DATA TO EXAMINE below:

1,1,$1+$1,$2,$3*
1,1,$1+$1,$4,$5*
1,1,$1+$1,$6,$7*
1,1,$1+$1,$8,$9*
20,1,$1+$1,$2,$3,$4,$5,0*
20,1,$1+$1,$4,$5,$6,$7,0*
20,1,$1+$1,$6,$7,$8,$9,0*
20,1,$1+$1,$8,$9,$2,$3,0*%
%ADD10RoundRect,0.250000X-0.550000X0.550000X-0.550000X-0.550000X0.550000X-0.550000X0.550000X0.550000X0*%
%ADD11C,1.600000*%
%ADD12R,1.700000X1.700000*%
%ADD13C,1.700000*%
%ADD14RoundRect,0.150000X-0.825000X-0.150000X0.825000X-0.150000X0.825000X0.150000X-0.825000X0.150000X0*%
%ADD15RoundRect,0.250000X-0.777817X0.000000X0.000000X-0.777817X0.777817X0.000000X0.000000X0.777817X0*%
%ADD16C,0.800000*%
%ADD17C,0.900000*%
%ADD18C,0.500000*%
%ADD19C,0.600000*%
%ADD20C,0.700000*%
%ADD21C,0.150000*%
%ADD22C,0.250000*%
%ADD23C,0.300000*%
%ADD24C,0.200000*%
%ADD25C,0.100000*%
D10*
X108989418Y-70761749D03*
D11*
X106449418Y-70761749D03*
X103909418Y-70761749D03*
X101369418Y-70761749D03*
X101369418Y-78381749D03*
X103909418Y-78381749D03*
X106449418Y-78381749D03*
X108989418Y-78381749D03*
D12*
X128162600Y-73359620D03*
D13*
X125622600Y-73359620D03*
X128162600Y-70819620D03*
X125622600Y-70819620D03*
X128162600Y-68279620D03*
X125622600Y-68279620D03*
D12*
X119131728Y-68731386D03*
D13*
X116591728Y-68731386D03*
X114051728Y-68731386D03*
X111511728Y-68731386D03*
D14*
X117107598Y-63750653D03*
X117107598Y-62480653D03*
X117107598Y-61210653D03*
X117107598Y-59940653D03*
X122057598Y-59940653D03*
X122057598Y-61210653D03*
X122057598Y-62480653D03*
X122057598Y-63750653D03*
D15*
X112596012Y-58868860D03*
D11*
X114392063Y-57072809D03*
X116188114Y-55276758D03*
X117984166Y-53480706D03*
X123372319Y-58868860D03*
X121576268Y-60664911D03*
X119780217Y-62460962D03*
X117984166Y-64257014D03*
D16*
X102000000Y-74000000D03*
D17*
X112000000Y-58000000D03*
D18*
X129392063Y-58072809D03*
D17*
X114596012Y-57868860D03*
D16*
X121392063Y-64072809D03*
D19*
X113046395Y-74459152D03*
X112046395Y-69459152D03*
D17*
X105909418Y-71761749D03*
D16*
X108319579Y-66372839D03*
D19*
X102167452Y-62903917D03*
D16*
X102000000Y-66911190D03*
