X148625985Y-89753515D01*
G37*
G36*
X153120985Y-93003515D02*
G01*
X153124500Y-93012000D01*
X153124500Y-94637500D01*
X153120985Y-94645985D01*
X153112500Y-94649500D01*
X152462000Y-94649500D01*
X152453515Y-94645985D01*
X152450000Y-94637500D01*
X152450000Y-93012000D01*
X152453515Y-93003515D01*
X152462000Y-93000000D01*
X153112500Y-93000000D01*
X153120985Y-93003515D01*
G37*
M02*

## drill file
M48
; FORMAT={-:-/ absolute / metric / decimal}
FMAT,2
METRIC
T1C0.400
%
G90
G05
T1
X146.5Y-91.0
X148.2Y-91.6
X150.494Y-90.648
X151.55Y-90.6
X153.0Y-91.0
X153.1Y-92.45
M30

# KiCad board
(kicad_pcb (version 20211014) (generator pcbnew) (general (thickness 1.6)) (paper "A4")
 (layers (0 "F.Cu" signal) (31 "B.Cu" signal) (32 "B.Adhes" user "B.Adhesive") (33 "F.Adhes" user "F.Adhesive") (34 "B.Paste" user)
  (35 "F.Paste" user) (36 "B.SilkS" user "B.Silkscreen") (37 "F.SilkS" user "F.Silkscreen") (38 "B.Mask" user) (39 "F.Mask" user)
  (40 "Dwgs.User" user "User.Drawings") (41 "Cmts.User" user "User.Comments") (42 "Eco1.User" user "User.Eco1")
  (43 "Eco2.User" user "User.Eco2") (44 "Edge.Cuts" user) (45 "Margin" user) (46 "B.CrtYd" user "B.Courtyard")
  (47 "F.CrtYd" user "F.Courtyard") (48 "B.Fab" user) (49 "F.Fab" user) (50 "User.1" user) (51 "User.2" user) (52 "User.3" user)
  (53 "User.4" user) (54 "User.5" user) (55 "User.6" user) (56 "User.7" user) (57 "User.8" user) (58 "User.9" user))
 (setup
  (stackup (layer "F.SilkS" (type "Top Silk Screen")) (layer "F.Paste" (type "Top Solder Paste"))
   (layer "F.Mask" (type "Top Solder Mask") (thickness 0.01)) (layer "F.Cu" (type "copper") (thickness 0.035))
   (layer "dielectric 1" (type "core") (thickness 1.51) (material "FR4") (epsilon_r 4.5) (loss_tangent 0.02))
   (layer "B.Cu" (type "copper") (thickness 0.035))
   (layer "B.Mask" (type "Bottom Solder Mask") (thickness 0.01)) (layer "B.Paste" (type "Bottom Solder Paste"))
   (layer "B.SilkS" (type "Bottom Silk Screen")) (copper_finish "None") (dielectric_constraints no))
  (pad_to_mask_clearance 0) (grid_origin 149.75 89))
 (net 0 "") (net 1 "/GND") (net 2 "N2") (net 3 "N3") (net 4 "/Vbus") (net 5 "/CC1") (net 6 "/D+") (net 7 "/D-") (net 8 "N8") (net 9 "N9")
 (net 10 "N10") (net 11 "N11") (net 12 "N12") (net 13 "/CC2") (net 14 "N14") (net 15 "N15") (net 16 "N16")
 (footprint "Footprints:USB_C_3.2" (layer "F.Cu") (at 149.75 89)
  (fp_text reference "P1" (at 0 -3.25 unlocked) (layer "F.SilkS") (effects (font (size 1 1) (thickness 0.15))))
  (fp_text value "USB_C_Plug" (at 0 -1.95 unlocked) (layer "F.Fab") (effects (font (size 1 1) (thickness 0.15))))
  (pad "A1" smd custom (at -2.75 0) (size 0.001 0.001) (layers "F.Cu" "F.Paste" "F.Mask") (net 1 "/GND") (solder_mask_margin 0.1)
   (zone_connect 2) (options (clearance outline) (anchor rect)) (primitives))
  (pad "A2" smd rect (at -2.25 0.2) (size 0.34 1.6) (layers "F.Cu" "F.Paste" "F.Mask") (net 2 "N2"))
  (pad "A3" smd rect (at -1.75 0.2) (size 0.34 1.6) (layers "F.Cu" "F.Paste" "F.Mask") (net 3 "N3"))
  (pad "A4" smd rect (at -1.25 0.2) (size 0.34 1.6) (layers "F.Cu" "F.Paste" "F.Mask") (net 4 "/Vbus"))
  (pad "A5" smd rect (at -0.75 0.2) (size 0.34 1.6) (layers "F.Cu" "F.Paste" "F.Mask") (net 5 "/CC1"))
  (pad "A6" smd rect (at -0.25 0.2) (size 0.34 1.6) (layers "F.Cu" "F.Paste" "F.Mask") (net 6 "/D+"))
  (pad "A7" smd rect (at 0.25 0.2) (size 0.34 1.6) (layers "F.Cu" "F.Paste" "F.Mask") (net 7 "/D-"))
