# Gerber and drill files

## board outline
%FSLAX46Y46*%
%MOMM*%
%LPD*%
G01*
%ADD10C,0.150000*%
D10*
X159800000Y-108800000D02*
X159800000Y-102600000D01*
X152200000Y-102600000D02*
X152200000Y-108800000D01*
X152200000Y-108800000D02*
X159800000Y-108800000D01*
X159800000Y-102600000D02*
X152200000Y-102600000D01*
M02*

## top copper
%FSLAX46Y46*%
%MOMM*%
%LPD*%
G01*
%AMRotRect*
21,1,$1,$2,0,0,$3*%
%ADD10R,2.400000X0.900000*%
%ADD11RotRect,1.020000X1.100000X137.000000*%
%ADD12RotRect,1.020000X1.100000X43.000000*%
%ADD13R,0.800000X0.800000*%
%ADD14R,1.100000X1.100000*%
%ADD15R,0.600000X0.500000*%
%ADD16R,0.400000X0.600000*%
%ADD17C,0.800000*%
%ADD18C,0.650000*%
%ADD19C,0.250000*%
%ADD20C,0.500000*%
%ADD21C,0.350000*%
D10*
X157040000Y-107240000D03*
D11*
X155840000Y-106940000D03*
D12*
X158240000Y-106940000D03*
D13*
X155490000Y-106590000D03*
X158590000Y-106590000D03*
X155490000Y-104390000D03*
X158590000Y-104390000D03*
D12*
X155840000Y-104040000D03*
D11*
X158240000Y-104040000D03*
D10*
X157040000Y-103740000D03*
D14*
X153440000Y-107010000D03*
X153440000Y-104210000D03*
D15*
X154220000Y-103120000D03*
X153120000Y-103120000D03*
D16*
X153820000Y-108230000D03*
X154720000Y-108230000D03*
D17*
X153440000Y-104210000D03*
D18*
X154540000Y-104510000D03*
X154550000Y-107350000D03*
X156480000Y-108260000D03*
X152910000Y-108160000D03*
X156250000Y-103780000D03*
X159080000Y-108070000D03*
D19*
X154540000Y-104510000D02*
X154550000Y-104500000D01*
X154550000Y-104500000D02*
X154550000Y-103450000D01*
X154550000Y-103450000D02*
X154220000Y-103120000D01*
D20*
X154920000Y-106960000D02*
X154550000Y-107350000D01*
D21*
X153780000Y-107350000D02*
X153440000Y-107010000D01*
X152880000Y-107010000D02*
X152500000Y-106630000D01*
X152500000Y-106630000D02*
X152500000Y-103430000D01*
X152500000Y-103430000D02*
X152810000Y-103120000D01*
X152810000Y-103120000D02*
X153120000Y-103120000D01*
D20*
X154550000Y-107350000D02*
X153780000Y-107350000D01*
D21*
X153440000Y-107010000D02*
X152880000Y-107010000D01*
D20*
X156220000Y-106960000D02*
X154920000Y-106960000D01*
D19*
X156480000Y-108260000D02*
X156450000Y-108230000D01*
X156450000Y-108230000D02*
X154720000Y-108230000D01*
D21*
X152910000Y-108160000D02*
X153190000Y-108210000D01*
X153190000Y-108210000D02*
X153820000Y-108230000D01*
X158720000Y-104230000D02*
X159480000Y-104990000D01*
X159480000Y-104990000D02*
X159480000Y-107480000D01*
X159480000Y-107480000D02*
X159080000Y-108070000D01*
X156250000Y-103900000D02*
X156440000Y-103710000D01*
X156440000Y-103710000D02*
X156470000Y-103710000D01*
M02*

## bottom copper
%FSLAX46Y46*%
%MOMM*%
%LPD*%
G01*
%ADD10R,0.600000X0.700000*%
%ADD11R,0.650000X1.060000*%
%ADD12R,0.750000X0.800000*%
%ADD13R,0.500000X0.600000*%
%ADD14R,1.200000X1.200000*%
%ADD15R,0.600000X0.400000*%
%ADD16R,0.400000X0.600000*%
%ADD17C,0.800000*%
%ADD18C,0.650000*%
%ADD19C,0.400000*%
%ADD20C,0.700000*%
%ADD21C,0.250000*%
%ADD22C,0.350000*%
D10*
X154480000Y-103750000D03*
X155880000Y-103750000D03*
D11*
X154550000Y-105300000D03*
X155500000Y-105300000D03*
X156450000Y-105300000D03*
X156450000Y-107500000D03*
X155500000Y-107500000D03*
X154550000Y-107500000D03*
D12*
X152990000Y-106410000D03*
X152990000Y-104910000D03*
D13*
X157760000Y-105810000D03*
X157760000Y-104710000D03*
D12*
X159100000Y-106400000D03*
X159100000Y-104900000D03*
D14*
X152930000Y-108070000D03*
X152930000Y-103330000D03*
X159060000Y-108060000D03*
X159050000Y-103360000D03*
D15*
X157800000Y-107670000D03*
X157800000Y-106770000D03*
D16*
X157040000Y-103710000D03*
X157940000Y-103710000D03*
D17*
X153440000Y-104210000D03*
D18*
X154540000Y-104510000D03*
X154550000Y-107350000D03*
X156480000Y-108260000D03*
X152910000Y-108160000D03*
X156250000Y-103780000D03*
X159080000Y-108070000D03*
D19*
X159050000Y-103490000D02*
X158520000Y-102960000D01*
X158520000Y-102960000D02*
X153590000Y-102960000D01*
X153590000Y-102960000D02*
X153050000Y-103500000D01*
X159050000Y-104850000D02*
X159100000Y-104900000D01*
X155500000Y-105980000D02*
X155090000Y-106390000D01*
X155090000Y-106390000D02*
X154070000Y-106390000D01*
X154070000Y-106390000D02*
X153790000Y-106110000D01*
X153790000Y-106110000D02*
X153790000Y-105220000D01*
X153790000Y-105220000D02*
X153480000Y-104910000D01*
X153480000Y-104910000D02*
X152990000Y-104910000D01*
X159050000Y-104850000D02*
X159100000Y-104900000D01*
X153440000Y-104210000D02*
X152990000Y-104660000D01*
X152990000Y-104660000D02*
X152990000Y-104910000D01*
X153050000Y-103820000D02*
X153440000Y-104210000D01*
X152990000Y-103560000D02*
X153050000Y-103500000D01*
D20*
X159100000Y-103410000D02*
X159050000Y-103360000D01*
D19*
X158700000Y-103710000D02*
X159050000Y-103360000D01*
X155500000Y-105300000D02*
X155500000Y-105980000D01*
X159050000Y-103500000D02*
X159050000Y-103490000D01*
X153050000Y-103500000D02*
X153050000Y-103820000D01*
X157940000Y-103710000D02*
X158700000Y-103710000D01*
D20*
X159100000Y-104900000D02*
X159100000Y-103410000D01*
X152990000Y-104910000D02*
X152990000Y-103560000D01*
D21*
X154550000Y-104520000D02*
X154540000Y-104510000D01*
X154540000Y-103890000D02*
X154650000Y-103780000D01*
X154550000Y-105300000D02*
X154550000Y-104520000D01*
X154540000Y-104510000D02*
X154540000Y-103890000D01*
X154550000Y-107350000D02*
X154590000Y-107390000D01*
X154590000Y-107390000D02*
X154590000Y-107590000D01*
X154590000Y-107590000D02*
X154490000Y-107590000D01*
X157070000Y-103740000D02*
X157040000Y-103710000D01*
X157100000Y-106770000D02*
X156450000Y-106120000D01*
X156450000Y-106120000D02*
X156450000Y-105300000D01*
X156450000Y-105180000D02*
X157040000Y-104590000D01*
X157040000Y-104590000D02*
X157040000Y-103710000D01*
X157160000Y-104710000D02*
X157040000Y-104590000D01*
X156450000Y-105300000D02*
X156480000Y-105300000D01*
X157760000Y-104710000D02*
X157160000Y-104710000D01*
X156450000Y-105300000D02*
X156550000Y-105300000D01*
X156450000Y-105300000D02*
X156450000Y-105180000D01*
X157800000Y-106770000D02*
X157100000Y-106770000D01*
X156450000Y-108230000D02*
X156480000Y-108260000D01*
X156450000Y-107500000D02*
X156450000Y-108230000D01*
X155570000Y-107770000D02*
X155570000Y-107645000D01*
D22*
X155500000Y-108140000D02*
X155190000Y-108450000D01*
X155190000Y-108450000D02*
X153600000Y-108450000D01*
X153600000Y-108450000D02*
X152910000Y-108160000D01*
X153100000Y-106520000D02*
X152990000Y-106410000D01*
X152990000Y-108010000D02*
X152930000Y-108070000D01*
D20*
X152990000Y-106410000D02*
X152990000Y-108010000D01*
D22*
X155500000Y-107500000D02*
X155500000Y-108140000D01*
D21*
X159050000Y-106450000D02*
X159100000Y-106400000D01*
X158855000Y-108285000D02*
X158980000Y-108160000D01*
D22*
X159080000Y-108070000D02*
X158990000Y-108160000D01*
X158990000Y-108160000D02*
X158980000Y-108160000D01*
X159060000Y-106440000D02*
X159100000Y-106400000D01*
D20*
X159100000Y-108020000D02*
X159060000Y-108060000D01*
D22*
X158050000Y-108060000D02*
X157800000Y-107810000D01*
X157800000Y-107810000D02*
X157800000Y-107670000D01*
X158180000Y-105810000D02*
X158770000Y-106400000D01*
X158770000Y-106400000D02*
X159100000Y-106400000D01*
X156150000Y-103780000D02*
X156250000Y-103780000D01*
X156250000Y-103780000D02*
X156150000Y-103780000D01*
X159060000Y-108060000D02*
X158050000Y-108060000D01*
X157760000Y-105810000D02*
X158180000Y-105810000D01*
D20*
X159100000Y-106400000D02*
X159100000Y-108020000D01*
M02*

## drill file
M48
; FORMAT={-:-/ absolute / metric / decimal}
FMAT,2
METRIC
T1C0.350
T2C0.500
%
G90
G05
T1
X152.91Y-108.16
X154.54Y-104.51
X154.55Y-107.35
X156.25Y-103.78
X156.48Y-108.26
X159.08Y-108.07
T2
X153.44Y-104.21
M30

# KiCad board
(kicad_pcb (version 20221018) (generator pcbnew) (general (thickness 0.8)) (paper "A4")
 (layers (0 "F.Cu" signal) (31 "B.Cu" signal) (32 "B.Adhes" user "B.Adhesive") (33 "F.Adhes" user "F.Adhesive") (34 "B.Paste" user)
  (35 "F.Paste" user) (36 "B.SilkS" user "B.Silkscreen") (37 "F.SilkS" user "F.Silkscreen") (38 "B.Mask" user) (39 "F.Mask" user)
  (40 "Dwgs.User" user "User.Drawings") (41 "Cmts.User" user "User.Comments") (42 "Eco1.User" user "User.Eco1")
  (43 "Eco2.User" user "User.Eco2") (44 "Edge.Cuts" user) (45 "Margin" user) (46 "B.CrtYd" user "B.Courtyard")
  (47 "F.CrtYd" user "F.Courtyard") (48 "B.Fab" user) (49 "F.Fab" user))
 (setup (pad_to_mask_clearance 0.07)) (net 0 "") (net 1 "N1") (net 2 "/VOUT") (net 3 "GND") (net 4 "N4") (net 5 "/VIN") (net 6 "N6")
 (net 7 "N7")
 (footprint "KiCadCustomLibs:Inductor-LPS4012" (layer "F.Cu") (at 157.04 105.49 90)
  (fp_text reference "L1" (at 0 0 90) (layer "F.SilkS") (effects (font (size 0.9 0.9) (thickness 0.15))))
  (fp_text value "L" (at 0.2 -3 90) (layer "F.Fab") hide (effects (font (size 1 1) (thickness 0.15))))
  (pad "1" smd rect (at -1.75 0 90) (size 0.9 2.4) (layers "F.Cu" "F.Paste" "F.Mask") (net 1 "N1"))
  (pad "1" smd rect (at -1.45 -1.2 137) (size 1.02 1.1) (layers "F.Cu" "F.Paste" "F.Mask") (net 1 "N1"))
  (pad "1" smd rect (at -1.45 1.2 43) (size 1.02 1.1) (layers "F.Cu" "F.Paste" "F.Mask") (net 1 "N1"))
  (pad "1" smd rect (at -1.1 -1.55 90) (size 0.8 0.8) (layers "F.Cu" "F.Paste" "F.Mask") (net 1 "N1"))
  (pad "1" smd rect (at -1.1 1.55 90) (size 0.8 0.8) (layers "F.Cu" "F.Paste" "F.Mask") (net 1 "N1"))
  (pad "2" smd rect (at 1.1 -1.55 90) (size 0.8 0.8) (layers "F.Cu" "F.Paste" "F.Mask") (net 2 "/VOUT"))
  (pad "2" smd rect (at 1.1 1.55 90) (size 0.8 0.8) (layers "F.Cu" "F.Paste" "F.Mask") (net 2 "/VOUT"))
  (pad "2" smd rect (at 1.45 -1.2 43) (size 1.02 1.1) (layers "F.Cu" "F.Paste" "F.Mask") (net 2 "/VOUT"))
  (pad "2" smd rect (at 1.45 1.2 137) (size 1.02 1.1) (layers "F.Cu" "F.Paste" "F.Mask") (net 2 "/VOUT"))
  (pad "2" smd rect (at 1.75 0 90) (size 0.9 2.4) (layers "F.Cu" "F.Paste" "F.Mask") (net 2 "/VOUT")))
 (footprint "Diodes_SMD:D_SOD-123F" (layer "F.Cu") (at 153.44 105.61 90)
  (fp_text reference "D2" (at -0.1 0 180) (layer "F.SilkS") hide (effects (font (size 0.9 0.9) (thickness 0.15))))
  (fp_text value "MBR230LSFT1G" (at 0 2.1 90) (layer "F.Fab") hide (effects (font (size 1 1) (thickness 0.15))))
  (pad "1" smd rect (at -1.4 0 90) (size 1.1 1.1) (layers "F.Cu" "F.Paste" "F.Mask") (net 1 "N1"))
  (pad "2" smd rect (at 1.4 0 90) (size 1.1 1.1) (layers "F.Cu" "F.Paste" "F.Mask") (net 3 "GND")))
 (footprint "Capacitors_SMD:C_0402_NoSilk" (layer "F.Cu") (at 153.67 103.12 180)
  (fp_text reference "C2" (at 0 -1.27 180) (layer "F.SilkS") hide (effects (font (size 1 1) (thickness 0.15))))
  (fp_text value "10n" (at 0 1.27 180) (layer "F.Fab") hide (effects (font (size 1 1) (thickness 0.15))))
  (pad "1" smd rect (at -0.55 0 180) (size 0.6 0.5) (layers "F.Cu" "F.Paste" "F.Mask") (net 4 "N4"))
  (pad "2" smd rect (at 0.55 0 180) (size 0.6 0.5) (layers "F.Cu" "F.Paste" "F.Mask") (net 1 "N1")))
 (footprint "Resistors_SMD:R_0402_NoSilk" (layer "F.Cu") (at 154.27 108.23)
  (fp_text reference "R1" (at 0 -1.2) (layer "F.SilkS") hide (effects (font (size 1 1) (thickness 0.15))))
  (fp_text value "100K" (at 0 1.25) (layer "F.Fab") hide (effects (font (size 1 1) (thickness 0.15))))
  (pad "1" smd rect (at -0.45 0) (size 0.4 0.6) (layers "F.Cu" "F.Paste" "F.Mask") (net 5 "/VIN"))
  (pad "2" smd rect (at 0.45 0) (size 0.4 0.6) (layers "F.Cu" "F.Paste" "F.Mask") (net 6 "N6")))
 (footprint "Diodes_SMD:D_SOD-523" (layer "B.Cu") (at 155.18 103.75)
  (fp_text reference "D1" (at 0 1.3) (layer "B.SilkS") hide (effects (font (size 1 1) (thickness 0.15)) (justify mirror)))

End of DATA TO EXAMINE.

* [BRIEF]: In the records, how many lines have the word "unlocked" in them? Only the number is needed.

* [SOLUTION]: 2